[DATA UNDER STUDY]

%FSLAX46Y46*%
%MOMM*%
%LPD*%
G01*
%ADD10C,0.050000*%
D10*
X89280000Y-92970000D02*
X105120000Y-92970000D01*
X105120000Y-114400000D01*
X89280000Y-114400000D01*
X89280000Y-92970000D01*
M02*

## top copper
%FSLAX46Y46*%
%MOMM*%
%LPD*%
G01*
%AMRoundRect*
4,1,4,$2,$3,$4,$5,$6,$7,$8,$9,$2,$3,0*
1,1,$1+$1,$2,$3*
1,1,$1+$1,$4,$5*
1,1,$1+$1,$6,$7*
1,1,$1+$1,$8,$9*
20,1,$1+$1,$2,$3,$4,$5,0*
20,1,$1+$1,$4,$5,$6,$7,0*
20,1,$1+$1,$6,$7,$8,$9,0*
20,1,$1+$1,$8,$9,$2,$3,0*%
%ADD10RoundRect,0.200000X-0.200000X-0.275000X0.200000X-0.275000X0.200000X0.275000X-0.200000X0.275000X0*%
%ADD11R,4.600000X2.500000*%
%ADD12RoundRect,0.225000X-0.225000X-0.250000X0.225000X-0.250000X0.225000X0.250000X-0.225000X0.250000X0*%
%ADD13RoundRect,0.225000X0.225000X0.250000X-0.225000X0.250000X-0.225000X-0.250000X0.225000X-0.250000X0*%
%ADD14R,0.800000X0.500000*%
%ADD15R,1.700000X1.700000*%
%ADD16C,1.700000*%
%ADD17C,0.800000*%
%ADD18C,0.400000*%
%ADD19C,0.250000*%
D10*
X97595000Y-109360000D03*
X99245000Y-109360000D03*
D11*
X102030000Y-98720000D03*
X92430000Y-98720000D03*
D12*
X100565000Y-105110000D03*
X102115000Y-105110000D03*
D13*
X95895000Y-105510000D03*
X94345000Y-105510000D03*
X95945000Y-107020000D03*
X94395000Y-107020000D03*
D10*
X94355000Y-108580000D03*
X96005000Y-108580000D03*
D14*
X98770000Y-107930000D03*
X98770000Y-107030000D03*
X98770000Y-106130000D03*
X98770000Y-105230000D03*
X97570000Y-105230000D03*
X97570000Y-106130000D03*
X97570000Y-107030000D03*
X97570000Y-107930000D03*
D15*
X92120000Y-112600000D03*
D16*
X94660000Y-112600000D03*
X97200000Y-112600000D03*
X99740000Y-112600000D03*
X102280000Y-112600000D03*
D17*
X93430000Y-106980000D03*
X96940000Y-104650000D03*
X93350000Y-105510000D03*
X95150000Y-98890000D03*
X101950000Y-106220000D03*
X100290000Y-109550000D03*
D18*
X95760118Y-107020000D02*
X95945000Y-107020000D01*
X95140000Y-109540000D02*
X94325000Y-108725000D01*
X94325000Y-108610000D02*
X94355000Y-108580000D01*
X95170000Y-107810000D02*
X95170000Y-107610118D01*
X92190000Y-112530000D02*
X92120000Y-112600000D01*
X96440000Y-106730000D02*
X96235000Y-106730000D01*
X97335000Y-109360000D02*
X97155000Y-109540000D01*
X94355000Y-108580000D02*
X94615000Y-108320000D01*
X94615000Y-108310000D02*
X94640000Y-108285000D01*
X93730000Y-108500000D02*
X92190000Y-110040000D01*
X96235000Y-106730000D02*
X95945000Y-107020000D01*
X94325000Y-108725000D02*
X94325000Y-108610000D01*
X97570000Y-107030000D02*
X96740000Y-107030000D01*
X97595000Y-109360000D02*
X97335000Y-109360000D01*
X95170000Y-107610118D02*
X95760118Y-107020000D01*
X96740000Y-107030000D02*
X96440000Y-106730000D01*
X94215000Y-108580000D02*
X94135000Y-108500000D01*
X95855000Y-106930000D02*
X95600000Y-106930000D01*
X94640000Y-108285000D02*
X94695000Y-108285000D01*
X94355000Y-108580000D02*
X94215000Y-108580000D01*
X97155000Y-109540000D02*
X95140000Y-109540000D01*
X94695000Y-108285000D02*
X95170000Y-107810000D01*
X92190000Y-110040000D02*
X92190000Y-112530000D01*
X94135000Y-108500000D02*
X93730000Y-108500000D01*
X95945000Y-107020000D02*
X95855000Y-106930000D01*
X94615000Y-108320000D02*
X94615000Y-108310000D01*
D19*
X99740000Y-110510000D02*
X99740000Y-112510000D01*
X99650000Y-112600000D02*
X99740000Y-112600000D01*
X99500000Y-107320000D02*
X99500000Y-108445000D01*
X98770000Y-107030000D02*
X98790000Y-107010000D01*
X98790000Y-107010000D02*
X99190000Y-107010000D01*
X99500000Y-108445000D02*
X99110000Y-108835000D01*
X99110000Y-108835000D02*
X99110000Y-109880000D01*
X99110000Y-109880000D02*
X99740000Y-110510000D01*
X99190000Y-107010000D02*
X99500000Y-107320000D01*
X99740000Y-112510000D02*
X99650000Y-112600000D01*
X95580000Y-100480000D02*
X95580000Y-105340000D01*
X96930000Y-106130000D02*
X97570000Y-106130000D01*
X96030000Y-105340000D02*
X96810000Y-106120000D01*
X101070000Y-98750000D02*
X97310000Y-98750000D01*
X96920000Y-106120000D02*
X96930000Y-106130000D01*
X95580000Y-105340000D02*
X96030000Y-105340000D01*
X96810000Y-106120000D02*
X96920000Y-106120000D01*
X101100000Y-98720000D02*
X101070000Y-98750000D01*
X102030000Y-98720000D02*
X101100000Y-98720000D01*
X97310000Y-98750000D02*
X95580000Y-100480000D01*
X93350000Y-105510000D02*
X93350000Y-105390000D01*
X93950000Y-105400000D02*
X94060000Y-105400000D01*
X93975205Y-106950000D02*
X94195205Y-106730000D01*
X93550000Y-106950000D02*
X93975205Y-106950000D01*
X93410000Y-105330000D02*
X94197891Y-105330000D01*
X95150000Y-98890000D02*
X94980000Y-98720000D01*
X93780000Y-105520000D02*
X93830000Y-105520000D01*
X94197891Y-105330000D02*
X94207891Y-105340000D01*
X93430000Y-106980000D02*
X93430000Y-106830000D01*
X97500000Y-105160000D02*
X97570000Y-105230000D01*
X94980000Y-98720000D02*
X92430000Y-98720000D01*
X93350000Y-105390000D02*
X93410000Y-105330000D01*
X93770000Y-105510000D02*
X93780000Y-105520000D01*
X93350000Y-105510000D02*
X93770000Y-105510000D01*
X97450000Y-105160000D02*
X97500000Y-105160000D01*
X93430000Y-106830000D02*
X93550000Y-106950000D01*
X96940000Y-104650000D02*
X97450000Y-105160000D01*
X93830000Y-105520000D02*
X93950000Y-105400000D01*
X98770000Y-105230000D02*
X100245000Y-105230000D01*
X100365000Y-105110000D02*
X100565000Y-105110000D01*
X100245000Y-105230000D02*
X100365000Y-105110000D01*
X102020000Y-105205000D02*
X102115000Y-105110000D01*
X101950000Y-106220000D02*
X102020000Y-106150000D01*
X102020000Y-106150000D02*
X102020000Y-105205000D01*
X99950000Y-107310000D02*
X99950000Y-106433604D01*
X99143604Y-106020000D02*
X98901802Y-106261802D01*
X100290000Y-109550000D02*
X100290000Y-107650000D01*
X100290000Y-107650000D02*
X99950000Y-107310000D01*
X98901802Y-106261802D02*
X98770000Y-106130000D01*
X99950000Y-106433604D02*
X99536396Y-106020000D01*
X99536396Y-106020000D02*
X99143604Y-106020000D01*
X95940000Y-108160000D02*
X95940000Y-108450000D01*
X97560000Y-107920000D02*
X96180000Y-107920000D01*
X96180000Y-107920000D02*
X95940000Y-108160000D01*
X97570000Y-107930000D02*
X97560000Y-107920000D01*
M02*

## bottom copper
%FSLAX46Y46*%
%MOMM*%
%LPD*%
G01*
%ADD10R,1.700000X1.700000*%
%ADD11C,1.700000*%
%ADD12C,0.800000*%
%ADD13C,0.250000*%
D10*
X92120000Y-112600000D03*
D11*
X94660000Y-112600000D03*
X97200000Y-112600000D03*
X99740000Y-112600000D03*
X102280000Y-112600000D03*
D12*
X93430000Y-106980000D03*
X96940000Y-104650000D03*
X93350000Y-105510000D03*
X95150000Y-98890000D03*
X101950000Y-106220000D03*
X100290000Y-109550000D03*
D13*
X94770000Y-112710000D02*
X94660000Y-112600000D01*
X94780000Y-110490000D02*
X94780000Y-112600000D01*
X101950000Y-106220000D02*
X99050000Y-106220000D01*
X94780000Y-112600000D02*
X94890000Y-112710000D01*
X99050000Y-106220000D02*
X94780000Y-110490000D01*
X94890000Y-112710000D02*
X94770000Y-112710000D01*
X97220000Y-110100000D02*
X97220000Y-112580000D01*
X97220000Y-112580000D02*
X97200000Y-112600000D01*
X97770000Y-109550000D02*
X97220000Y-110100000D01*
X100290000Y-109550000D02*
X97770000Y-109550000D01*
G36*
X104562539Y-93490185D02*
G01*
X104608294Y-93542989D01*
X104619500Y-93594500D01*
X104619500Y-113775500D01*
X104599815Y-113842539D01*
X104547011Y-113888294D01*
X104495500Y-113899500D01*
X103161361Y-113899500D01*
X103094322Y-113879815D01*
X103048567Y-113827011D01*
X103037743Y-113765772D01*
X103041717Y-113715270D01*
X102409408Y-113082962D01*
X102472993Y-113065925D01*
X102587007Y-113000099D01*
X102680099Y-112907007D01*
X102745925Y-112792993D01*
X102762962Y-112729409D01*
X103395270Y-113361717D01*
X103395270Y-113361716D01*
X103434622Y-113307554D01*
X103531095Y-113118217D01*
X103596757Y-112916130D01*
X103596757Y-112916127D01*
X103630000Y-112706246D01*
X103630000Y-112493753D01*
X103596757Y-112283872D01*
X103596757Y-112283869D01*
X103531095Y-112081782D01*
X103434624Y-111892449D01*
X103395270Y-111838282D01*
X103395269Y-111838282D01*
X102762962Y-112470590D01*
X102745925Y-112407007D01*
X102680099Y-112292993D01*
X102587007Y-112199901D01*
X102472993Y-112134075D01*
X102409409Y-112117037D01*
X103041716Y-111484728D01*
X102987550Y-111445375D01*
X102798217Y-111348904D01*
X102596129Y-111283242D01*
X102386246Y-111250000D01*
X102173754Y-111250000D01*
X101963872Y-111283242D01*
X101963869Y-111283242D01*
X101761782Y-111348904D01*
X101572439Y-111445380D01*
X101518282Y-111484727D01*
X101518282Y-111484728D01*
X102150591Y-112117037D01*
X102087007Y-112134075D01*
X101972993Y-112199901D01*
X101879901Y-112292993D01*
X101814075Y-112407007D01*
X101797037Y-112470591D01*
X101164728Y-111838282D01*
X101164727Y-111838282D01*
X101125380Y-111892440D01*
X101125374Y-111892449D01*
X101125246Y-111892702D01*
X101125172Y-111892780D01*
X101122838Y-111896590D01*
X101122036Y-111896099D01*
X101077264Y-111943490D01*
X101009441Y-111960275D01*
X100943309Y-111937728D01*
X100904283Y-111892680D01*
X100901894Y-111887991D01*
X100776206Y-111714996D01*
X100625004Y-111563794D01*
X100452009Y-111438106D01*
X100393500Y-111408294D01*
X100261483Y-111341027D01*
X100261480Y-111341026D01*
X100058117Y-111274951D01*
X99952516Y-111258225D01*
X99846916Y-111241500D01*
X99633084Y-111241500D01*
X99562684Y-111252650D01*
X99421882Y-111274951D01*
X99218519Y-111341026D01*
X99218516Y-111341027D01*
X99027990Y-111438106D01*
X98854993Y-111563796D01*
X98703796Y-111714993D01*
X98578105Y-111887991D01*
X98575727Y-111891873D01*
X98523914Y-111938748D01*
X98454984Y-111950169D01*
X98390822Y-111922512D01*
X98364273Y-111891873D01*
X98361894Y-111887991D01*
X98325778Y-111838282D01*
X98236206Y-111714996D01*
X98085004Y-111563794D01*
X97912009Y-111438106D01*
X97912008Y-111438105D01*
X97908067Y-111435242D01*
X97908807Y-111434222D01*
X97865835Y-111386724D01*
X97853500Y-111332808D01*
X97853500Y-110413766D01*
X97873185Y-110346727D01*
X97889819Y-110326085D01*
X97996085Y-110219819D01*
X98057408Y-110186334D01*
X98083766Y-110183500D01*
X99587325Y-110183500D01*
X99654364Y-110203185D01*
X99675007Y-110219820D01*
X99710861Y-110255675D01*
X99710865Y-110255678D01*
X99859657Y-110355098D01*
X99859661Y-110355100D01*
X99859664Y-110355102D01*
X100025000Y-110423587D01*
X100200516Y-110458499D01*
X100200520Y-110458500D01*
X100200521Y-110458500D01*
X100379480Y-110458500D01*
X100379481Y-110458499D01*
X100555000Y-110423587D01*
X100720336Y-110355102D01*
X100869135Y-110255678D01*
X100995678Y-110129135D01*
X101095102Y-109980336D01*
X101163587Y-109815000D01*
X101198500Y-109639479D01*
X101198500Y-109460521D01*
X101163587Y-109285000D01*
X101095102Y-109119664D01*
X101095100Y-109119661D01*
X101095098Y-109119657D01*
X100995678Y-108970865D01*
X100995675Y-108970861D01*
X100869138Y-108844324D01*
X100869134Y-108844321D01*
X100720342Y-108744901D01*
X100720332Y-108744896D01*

[REQUIREMENT] Exactly the lines from the one containing "X100379481Y-110458499D01*" through the end of the entries above must be output, and no others.

[SOLVED PROBLEM]
X100379481Y-110458499D01*
X100555000Y-110423587D01*
X100720336Y-110355102D01*
X100869135Y-110255678D01*
X100995678Y-110129135D01*
X101095102Y-109980336D01*
X101163587Y-109815000D01*
X101198500Y-109639479D01*
X101198500Y-109460521D01*
X101163587Y-109285000D01*
X101095102Y-109119664D01*
X101095100Y-109119661D01*
X101095098Y-109119657D01*
X100995678Y-108970865D01*
X100995675Y-108970861D01*
X100869138Y-108844324D01*
X100869134Y-108844321D01*
X100720342Y-108744901D01*
X100720332Y-108744896D01*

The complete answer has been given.